● **Instructions to follow**: Among the records below, find the line that has "(fp_line (start 3.81 3.81)"; from there, give the lines again exactly, and stop after the line that has "(module PINHEAD1-8 (layer".

[[ Supplied material, beginning ]]

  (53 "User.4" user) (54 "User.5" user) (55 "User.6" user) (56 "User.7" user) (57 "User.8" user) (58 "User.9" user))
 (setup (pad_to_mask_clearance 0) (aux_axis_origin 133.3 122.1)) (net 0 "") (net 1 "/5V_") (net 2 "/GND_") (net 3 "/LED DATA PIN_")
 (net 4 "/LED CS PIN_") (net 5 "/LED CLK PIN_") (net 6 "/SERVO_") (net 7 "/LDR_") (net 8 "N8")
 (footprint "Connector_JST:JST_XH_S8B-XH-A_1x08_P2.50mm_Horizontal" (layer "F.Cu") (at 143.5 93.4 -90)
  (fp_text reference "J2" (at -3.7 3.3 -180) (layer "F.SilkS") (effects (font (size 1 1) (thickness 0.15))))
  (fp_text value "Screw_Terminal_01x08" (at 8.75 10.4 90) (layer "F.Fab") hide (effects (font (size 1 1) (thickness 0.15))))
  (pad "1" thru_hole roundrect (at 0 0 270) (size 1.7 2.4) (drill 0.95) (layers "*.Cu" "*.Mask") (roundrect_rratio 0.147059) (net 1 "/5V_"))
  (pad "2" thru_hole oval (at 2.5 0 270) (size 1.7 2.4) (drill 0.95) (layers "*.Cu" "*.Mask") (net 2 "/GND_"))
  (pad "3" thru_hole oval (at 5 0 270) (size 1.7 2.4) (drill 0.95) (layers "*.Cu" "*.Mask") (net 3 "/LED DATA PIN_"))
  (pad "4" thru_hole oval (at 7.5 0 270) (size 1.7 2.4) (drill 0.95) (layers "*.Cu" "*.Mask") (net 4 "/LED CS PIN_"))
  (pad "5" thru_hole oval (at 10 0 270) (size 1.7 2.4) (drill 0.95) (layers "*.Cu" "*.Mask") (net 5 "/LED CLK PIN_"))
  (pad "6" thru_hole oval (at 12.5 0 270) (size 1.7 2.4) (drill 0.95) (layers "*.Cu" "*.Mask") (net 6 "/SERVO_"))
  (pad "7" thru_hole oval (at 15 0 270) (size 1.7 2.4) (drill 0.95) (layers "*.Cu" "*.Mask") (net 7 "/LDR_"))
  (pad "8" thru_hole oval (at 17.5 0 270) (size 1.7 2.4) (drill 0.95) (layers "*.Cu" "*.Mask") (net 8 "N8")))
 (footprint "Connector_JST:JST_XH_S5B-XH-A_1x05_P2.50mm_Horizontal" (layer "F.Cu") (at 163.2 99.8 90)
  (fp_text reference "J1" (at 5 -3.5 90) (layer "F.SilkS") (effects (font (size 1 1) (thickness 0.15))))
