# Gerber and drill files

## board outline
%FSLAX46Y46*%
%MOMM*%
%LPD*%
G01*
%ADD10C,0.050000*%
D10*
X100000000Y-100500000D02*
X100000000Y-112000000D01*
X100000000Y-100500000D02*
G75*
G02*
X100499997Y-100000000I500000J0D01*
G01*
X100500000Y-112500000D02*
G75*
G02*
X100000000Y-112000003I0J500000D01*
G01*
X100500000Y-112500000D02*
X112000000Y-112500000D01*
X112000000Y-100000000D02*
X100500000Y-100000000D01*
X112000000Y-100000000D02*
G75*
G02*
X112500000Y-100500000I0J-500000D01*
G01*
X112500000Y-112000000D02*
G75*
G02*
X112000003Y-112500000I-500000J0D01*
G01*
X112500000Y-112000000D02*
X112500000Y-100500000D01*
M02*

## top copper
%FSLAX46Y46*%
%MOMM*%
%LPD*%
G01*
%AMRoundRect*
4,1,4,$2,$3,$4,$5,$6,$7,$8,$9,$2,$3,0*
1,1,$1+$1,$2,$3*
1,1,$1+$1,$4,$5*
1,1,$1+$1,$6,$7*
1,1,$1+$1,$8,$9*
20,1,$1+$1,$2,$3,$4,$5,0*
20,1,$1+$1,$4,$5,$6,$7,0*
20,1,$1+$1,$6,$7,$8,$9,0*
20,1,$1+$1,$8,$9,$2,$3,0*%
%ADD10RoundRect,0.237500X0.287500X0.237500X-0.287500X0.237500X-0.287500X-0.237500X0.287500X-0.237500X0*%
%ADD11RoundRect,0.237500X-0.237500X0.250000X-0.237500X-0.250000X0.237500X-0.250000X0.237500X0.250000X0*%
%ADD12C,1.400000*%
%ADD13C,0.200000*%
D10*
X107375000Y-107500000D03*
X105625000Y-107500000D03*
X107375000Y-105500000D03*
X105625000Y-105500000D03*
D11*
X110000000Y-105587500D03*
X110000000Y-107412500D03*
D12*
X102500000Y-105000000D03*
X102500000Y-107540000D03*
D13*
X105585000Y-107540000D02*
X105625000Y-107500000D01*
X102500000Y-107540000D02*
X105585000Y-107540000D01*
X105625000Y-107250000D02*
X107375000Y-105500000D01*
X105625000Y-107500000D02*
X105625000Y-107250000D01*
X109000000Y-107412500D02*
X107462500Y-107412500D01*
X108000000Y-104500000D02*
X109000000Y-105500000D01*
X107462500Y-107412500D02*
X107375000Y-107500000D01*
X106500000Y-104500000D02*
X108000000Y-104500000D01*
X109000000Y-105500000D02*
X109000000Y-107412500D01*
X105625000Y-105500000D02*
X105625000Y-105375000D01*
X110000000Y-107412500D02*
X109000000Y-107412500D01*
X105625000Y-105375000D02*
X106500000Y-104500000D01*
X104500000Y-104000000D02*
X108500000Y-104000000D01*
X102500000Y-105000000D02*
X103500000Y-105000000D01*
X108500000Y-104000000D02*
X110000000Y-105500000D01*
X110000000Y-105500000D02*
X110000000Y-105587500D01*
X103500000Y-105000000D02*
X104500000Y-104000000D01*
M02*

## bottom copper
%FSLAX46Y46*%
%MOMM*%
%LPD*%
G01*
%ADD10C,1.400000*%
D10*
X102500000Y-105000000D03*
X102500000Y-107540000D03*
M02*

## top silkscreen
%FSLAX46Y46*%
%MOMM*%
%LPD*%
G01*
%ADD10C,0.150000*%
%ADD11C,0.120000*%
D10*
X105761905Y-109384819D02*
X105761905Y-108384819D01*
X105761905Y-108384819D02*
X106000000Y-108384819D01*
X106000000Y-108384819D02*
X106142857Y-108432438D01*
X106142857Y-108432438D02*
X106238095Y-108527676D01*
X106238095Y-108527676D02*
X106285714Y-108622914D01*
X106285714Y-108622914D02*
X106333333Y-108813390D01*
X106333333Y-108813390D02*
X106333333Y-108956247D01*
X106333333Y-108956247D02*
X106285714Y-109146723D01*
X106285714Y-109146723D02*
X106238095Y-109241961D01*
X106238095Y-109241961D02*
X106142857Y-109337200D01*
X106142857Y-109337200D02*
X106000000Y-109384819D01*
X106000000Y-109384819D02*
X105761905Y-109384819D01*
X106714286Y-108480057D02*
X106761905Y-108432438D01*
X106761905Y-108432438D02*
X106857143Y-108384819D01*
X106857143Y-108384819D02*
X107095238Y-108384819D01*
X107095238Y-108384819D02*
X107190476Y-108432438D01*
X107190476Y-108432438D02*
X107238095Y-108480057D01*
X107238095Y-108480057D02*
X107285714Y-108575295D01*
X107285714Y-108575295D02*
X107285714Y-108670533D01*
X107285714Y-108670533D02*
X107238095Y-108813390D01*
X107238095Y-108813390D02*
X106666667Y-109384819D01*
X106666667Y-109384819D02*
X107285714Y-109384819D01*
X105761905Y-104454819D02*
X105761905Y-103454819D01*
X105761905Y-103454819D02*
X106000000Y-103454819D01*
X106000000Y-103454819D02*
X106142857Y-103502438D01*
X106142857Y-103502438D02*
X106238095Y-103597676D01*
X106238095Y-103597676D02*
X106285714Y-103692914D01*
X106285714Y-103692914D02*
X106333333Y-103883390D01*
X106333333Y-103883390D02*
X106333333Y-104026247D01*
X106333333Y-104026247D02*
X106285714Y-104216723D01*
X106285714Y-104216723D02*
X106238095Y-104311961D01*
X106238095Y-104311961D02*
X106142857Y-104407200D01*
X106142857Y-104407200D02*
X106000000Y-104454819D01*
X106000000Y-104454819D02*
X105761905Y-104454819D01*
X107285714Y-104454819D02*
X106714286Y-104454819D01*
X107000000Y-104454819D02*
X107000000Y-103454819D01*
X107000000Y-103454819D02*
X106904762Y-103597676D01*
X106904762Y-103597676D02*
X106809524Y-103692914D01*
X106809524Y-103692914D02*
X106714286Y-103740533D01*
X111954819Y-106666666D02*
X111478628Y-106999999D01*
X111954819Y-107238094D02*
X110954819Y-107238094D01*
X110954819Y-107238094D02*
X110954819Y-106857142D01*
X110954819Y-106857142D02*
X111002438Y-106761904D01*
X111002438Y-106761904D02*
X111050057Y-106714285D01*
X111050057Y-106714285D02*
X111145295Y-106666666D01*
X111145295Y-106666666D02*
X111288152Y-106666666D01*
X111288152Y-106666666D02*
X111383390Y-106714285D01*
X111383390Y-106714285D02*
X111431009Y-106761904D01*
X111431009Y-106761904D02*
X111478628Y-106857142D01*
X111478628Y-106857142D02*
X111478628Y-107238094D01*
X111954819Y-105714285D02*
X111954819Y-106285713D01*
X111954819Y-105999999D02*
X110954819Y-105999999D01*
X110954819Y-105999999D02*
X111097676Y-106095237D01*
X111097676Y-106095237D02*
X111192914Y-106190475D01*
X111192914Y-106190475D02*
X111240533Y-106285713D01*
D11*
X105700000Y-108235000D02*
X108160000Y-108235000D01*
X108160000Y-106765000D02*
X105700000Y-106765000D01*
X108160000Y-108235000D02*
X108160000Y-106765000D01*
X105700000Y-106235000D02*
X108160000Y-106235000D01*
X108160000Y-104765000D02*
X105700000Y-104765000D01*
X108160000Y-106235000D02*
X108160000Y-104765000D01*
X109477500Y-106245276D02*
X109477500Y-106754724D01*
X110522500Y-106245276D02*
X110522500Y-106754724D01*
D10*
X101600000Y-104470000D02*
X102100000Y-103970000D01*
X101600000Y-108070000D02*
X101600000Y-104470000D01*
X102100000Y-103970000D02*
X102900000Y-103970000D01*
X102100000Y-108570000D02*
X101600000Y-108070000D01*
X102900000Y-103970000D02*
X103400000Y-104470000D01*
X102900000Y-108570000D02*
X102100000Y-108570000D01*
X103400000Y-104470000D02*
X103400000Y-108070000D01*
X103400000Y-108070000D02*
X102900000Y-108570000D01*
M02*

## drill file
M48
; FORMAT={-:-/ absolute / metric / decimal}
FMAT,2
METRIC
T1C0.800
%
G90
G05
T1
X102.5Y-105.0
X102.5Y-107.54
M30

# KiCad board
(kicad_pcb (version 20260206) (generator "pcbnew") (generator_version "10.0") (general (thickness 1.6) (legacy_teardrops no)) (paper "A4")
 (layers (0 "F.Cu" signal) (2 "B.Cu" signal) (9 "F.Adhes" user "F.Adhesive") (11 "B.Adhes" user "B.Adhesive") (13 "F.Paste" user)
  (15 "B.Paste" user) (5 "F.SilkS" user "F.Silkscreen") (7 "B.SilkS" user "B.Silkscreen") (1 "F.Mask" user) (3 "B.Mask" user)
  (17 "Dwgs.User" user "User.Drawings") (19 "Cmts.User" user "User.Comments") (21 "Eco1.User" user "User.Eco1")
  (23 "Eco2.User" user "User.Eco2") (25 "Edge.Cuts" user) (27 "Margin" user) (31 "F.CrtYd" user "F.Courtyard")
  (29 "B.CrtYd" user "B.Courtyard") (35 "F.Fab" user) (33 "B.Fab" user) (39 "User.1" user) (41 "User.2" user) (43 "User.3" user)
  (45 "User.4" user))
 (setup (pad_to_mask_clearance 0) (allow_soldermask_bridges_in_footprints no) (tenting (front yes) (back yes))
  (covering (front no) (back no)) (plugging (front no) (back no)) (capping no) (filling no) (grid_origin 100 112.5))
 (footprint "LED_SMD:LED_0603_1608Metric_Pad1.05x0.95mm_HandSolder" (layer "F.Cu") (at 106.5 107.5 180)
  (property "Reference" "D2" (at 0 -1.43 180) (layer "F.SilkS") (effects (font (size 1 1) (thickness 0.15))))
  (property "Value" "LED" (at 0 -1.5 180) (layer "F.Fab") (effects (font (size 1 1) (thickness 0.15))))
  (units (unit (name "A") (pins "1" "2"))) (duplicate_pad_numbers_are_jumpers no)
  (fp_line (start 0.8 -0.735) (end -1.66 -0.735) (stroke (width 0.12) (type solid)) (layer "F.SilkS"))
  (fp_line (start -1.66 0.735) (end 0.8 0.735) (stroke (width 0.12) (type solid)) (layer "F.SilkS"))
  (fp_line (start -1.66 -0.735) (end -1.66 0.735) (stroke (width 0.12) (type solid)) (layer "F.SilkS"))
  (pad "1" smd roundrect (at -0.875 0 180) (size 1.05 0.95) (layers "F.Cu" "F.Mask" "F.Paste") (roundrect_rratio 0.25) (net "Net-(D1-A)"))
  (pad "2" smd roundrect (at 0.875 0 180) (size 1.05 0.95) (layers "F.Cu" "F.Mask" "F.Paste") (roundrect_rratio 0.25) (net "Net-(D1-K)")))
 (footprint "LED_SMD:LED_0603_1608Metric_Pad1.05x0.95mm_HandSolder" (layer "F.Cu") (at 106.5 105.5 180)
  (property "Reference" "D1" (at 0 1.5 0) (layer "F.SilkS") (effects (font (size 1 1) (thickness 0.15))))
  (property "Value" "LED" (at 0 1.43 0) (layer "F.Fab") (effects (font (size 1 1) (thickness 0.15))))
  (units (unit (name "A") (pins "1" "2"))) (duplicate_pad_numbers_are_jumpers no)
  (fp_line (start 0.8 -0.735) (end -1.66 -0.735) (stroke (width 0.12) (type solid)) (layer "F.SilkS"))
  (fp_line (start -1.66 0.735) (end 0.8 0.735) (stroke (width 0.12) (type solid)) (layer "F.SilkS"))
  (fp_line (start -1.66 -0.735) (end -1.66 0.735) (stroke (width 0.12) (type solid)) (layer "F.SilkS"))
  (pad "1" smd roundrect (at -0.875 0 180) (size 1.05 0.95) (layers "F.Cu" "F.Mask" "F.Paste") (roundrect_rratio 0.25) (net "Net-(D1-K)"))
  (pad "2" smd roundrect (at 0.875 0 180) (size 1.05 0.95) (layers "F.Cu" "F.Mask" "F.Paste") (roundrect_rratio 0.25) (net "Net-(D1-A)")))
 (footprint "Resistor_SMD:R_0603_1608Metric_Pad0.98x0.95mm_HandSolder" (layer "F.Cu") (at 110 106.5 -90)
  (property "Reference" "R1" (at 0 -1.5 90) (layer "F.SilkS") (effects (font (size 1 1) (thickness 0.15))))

[[ Supplied material, end ]]
[[ Supplied material, beginning ]]

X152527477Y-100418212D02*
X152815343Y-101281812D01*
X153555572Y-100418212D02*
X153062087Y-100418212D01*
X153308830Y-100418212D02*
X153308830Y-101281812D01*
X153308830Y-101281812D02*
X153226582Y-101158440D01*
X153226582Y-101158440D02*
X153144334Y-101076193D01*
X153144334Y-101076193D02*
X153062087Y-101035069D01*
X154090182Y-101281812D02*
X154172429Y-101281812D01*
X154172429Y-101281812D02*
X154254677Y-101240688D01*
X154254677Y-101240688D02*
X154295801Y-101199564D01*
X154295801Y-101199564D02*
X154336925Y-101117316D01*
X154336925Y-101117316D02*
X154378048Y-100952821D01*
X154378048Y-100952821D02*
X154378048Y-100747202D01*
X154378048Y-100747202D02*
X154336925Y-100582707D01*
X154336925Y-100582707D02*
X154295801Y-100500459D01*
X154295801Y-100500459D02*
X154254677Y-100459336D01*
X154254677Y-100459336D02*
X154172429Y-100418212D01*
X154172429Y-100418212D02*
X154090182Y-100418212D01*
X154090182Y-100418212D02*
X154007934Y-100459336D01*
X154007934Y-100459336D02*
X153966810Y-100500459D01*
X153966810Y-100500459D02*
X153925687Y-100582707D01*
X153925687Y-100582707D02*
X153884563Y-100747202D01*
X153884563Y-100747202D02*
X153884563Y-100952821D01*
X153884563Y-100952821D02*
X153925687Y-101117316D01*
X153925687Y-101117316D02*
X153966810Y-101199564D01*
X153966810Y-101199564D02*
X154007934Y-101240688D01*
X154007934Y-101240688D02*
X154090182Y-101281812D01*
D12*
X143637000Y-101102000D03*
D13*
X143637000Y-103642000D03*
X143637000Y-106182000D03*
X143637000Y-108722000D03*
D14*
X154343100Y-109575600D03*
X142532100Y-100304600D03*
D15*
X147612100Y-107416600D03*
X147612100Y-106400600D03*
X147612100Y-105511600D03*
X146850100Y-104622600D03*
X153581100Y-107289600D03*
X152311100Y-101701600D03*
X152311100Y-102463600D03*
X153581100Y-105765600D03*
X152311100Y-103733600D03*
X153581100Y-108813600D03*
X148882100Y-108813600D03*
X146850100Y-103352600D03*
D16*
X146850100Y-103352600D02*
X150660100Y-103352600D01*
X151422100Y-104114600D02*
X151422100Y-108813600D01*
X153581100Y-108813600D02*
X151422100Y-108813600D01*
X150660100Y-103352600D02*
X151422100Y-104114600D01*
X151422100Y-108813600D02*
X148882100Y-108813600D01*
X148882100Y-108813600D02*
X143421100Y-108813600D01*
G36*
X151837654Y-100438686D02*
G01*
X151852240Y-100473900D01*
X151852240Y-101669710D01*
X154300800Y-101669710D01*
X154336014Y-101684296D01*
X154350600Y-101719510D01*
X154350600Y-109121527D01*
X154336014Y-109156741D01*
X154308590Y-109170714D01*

[[ Supplied material, end ]]
[[ Supplied material, beginning ]]

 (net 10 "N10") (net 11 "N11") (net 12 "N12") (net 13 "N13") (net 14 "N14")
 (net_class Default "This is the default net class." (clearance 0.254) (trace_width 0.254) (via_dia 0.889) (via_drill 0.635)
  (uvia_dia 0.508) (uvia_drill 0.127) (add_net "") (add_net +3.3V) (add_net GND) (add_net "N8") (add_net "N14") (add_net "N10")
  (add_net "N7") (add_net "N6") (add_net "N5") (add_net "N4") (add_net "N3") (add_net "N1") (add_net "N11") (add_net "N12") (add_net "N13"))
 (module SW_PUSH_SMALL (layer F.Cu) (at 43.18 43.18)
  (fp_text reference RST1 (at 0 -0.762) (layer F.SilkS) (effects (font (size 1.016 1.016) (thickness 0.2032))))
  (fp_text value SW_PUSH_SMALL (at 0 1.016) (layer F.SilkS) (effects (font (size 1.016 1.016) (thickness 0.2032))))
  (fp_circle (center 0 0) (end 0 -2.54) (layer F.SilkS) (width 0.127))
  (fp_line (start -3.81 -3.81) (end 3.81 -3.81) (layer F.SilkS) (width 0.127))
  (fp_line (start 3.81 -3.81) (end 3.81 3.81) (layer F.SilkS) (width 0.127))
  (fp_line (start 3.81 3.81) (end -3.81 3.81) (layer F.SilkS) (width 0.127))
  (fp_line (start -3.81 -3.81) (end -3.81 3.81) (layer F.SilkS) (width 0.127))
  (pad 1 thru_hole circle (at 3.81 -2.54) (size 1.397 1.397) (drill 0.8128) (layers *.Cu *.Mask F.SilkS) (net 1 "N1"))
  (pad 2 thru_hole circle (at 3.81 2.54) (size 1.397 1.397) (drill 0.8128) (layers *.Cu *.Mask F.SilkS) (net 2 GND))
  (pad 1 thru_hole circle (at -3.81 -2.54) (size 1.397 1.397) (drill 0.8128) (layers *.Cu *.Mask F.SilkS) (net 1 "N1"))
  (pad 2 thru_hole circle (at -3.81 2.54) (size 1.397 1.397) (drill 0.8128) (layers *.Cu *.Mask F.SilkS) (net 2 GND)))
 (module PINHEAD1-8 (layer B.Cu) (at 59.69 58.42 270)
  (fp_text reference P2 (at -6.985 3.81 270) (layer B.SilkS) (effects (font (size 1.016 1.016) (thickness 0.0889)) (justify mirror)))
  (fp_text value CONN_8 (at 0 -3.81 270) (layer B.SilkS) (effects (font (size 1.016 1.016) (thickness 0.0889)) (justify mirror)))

[[ Supplied material, end ]]

● **Reply**:
  (fp_line (start 3.81 3.81) (end -3.81 3.81) (layer F.SilkS) (width 0.127))
  (fp_line (start -3.81 -3.81) (end -3.81 3.81) (layer F.SilkS) (width 0.127))
  (pad 1 thru_hole circle (at 3.81 -2.54) (size 1.397 1.397) (drill 0.8128) (layers *.Cu *.Mask F.SilkS) (net 1 "N1"))
  (pad 2 thru_hole circle (at 3.81 2.54) (size 1.397 1.397) (drill 0.8128) (layers *.Cu *.Mask F.SilkS) (net 2 GND))
  (pad 1 thru_hole circle (at -3.81 -2.54) (size 1.397 1.397) (drill 0.8128) (layers *.Cu *.Mask F.SilkS) (net 1 "N1"))
  (pad 2 thru_hole circle (at -3.81 2.54) (size 1.397 1.397) (drill 0.8128) (layers *.Cu *.Mask F.SilkS) (net 2 GND)))
 (module PINHEAD1-8 (layer B.Cu) (at 59.69 58.42 270)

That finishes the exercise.